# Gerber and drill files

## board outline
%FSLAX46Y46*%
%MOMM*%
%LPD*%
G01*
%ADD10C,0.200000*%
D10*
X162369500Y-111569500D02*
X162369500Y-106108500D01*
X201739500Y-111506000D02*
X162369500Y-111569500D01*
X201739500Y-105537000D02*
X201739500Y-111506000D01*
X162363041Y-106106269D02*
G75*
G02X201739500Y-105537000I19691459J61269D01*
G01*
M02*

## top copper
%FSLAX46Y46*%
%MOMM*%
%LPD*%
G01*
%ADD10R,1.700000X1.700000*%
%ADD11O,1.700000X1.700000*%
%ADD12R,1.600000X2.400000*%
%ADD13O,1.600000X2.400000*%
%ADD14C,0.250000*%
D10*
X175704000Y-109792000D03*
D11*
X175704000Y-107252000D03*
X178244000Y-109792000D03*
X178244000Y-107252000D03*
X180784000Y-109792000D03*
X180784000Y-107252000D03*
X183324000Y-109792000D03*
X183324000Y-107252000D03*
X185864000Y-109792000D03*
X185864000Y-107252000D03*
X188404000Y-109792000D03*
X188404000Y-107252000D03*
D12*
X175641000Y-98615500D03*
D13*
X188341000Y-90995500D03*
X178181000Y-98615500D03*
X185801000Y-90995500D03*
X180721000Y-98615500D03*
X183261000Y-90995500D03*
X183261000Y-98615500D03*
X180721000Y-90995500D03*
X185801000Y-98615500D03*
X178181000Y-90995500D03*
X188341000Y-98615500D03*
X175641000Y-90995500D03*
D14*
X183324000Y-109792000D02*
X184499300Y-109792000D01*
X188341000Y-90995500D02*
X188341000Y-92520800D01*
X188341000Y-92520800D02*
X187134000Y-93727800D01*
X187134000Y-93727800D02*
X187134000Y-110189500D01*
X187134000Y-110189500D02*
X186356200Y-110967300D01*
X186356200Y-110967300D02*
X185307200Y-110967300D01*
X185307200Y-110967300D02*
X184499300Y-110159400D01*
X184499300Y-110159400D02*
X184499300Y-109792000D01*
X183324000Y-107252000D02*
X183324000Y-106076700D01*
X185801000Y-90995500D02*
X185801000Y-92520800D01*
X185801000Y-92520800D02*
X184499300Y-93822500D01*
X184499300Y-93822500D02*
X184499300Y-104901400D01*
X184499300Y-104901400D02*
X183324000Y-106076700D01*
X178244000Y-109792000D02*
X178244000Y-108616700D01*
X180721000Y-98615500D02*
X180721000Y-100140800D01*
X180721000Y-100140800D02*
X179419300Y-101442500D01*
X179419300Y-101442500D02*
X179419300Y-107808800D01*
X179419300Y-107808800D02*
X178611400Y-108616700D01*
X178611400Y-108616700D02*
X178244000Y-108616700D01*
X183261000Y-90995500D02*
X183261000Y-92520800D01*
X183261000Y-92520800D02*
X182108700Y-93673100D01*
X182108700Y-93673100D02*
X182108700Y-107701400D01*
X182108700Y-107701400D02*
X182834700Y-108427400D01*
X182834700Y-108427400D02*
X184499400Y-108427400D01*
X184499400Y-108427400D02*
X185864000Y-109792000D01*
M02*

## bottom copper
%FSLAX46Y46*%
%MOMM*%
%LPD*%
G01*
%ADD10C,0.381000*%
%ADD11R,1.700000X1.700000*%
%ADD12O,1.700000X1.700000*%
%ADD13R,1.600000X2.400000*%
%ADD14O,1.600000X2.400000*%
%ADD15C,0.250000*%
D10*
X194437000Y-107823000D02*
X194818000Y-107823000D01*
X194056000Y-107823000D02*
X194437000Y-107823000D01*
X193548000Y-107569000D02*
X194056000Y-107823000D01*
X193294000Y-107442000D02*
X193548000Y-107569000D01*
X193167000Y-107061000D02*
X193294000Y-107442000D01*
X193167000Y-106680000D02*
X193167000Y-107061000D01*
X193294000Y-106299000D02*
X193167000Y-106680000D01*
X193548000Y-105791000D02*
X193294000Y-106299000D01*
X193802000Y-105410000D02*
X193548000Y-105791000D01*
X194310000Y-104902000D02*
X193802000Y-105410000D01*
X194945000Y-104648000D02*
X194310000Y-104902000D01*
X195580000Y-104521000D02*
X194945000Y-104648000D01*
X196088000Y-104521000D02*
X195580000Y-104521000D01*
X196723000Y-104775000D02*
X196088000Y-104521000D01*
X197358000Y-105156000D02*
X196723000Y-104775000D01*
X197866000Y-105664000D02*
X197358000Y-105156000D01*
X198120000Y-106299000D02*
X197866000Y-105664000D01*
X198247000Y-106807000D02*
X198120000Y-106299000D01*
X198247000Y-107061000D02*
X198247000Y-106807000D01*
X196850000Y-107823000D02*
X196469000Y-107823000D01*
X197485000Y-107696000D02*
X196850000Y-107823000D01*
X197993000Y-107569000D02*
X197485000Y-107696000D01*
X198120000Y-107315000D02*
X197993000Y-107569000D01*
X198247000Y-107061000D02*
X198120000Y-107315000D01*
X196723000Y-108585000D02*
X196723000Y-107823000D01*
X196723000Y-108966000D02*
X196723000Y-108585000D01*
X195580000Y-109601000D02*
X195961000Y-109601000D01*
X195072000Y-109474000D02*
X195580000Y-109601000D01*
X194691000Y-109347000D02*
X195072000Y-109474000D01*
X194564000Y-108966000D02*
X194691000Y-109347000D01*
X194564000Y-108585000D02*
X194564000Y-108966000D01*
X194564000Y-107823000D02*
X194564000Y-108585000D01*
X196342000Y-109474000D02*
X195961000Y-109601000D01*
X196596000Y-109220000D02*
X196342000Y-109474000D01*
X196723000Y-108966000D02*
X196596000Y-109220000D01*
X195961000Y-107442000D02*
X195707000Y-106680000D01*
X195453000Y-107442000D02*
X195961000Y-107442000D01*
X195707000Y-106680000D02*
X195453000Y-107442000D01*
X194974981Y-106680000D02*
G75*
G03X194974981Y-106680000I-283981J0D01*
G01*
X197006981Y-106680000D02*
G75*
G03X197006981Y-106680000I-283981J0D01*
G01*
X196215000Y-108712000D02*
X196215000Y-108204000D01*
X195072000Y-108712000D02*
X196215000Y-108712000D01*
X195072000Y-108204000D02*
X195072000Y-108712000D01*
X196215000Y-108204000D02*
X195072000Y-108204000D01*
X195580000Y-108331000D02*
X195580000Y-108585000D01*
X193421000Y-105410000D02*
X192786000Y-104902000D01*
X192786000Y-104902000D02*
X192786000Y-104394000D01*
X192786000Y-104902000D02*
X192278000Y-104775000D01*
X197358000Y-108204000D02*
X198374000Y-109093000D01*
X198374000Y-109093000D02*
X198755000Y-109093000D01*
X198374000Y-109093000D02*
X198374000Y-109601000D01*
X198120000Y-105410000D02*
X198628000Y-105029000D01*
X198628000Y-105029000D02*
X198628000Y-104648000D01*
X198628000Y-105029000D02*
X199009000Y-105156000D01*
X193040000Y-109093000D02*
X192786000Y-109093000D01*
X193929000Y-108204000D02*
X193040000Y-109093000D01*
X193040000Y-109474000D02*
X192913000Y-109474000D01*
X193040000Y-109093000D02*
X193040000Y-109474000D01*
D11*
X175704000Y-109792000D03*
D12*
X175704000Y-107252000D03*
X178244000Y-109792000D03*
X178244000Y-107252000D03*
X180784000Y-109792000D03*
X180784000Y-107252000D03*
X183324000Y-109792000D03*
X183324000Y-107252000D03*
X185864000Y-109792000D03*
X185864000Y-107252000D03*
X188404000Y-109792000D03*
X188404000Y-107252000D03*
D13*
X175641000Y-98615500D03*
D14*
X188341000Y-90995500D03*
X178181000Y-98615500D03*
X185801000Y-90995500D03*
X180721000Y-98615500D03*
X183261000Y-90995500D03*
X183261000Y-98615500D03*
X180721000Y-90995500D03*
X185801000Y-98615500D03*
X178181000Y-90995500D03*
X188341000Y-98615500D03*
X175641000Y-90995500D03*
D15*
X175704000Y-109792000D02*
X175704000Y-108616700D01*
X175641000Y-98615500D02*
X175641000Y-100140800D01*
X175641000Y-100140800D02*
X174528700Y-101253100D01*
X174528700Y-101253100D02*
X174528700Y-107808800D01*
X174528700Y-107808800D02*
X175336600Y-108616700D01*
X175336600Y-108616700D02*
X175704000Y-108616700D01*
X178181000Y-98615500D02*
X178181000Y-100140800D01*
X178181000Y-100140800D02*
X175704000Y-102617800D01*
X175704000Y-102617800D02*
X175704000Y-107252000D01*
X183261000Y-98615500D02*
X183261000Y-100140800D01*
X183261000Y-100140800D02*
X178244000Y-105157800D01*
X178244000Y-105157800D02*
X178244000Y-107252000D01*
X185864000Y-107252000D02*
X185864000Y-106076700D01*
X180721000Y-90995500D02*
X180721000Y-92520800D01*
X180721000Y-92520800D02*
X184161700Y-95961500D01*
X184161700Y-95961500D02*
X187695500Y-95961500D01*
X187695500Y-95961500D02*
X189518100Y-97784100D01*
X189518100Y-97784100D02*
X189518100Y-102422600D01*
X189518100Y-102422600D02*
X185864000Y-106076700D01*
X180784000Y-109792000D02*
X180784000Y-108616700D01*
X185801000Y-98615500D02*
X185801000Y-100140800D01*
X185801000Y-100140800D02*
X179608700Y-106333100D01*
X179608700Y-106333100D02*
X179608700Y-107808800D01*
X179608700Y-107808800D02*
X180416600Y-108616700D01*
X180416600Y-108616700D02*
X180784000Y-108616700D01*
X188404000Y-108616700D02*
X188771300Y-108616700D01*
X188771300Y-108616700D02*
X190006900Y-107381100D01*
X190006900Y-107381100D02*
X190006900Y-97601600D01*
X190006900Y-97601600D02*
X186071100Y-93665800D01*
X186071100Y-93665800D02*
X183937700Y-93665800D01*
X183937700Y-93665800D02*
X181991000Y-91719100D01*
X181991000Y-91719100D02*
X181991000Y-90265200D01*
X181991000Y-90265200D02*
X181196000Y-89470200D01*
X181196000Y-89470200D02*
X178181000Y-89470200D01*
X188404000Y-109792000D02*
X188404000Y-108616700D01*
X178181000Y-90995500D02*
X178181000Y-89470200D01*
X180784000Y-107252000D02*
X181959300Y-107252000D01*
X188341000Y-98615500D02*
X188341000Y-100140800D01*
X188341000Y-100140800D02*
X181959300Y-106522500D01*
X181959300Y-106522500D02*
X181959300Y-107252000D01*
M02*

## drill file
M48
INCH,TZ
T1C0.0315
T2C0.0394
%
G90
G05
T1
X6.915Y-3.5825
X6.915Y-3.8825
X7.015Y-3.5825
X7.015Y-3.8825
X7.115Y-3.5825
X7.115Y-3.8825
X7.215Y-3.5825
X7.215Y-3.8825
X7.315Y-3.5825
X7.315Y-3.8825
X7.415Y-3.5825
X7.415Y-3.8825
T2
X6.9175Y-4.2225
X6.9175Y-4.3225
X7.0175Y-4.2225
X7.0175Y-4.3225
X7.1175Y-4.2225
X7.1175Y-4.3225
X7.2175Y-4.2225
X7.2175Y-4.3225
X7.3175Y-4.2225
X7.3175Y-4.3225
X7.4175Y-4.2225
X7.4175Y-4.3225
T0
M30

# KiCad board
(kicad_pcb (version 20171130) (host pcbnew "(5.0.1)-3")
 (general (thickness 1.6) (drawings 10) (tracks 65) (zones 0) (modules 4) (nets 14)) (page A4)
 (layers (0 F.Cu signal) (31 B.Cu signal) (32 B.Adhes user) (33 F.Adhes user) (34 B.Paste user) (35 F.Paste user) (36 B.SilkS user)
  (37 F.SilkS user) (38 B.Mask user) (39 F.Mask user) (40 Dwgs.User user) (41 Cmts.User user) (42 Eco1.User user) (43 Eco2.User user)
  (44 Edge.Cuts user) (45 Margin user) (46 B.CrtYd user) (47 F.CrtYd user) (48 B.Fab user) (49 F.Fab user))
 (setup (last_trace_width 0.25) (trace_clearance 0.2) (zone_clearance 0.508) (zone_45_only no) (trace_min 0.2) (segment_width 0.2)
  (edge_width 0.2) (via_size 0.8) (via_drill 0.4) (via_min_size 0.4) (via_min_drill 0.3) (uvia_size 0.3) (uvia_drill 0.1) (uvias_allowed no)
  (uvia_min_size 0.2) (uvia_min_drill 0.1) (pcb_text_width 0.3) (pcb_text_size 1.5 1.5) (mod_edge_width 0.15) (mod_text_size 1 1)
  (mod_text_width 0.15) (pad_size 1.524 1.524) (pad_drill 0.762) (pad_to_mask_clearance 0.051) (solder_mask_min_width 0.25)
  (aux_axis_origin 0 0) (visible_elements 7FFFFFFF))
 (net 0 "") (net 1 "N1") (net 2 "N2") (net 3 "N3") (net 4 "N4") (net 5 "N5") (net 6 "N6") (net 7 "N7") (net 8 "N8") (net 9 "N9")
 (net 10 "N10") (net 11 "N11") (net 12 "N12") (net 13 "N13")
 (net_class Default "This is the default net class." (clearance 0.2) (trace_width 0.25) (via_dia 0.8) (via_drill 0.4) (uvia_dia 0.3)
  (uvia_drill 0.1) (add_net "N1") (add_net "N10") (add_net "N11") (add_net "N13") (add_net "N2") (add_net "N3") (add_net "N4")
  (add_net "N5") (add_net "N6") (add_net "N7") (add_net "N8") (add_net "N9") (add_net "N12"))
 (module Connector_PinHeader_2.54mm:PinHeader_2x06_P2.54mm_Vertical (layer F.Cu) (at 175.704 109.792 90)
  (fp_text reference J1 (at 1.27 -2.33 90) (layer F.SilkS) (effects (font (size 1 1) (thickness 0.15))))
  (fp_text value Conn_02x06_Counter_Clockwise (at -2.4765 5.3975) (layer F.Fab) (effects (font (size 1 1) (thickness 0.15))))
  (pad 1 thru_hole rect (at 0 0 90) (size 1.7 1.7) (drill 1) (layers *.Cu *.Mask) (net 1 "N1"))
  (pad 2 thru_hole oval (at 2.54 0 90) (size 1.7 1.7) (drill 1) (layers *.Cu *.Mask) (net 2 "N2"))
  (pad 3 thru_hole oval (at 0 2.54 90) (size 1.7 1.7) (drill 1) (layers *.Cu *.Mask) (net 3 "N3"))
  (pad 4 thru_hole oval (at 2.54 2.54 90) (size 1.7 1.7) (drill 1) (layers *.Cu *.Mask) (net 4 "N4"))
  (pad 5 thru_hole oval (at 0 5.08 90) (size 1.7 1.7) (drill 1) (layers *.Cu *.Mask) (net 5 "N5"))
  (pad 6 thru_hole oval (at 2.54 5.08 90) (size 1.7 1.7) (drill 1) (layers *.Cu *.Mask) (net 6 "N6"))
  (pad 7 thru_hole oval (at 0 7.62 90) (size 1.7 1.7) (drill 1) (layers *.Cu *.Mask) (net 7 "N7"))
  (pad 8 thru_hole oval (at 2.54 7.62 90) (size 1.7 1.7) (drill 1) (layers *.Cu *.Mask) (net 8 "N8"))
  (pad 9 thru_hole oval (at 0 10.16 90) (size 1.7 1.7) (drill 1) (layers *.Cu *.Mask) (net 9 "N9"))
  (pad 10 thru_hole oval (at 2.54 10.16 90) (size 1.7 1.7) (drill 1) (layers *.Cu *.Mask) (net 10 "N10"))
  (pad 11 thru_hole oval (at 0 12.7 90) (size 1.7 1.7) (drill 1) (layers *.Cu *.Mask) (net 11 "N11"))
  (pad 12 thru_hole oval (at 2.54 12.7 90) (size 1.7 1.7) (drill 1) (layers *.Cu *.Mask) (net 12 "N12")))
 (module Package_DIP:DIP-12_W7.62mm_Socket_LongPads (layer F.Cu) (at 175.641 98.6155 90)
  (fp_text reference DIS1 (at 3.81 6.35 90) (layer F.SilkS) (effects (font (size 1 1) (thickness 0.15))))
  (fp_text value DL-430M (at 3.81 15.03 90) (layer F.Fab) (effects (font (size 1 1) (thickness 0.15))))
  (pad 1 thru_hole rect (at 0 0 90) (size 2.4 1.6) (drill 0.8) (layers *.Cu *.Mask) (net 1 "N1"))
  (pad 7 thru_hole oval (at 7.62 12.7 90) (size 2.4 1.6) (drill 0.8) (layers *.Cu *.Mask) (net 7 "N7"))
  (pad 2 thru_hole oval (at 0 2.54 90) (size 2.4 1.6) (drill 0.8) (layers *.Cu *.Mask) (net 2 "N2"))
  (pad 8 thru_hole oval (at 7.62 10.16 90) (size 2.4 1.6) (drill 0.8) (layers *.Cu *.Mask) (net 8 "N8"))
  (pad 3 thru_hole oval (at 0 5.08 90) (size 2.4 1.6) (drill 0.8) (layers *.Cu *.Mask) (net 3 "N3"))
  (pad 9 thru_hole oval (at 7.62 7.62 90) (size 2.4 1.6) (drill 0.8) (layers *.Cu *.Mask) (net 9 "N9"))
  (pad 4 thru_hole oval (at 0 7.62 90) (size 2.4 1.6) (drill 0.8) (layers *.Cu *.Mask) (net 4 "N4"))
  (pad 10 thru_hole oval (at 7.62 5.08 90) (size 2.4 1.6) (drill 0.8) (layers *.Cu *.Mask) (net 10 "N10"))
  (pad 5 thru_hole oval (at 0 10.16 90) (size 2.4 1.6) (drill 0.8) (layers *.Cu *.Mask) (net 5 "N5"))
  (pad 11 thru_hole oval (at 7.62 2.54 90) (size 2.4 1.6) (drill 0.8) (layers *.Cu *.Mask) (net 11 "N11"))
  (pad 6 thru_hole oval (at 0 12.7 90) (size 2.4 1.6) (drill 0.8) (layers *.Cu *.Mask) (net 6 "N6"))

> [Task] Using the entries shown above, reproduce verbatim the lines from the line bearing "X190006900Y-97601600D02*" to the line bearing "X178181000Y-90995500D02*", inclusive.

> [Answer area]
X190006900Y-97601600D02*
X186071100Y-93665800D01*
X186071100Y-93665800D02*
X183937700Y-93665800D01*
X183937700Y-93665800D02*
X181991000Y-91719100D01*
X181991000Y-91719100D02*
X181991000Y-90265200D01*
X181991000Y-90265200D02*
X181196000Y-89470200D01*
X181196000Y-89470200D02*
X178181000Y-89470200D01*
X188404000Y-109792000D02*
X188404000Y-108616700D01*
X178181000Y-90995500D02*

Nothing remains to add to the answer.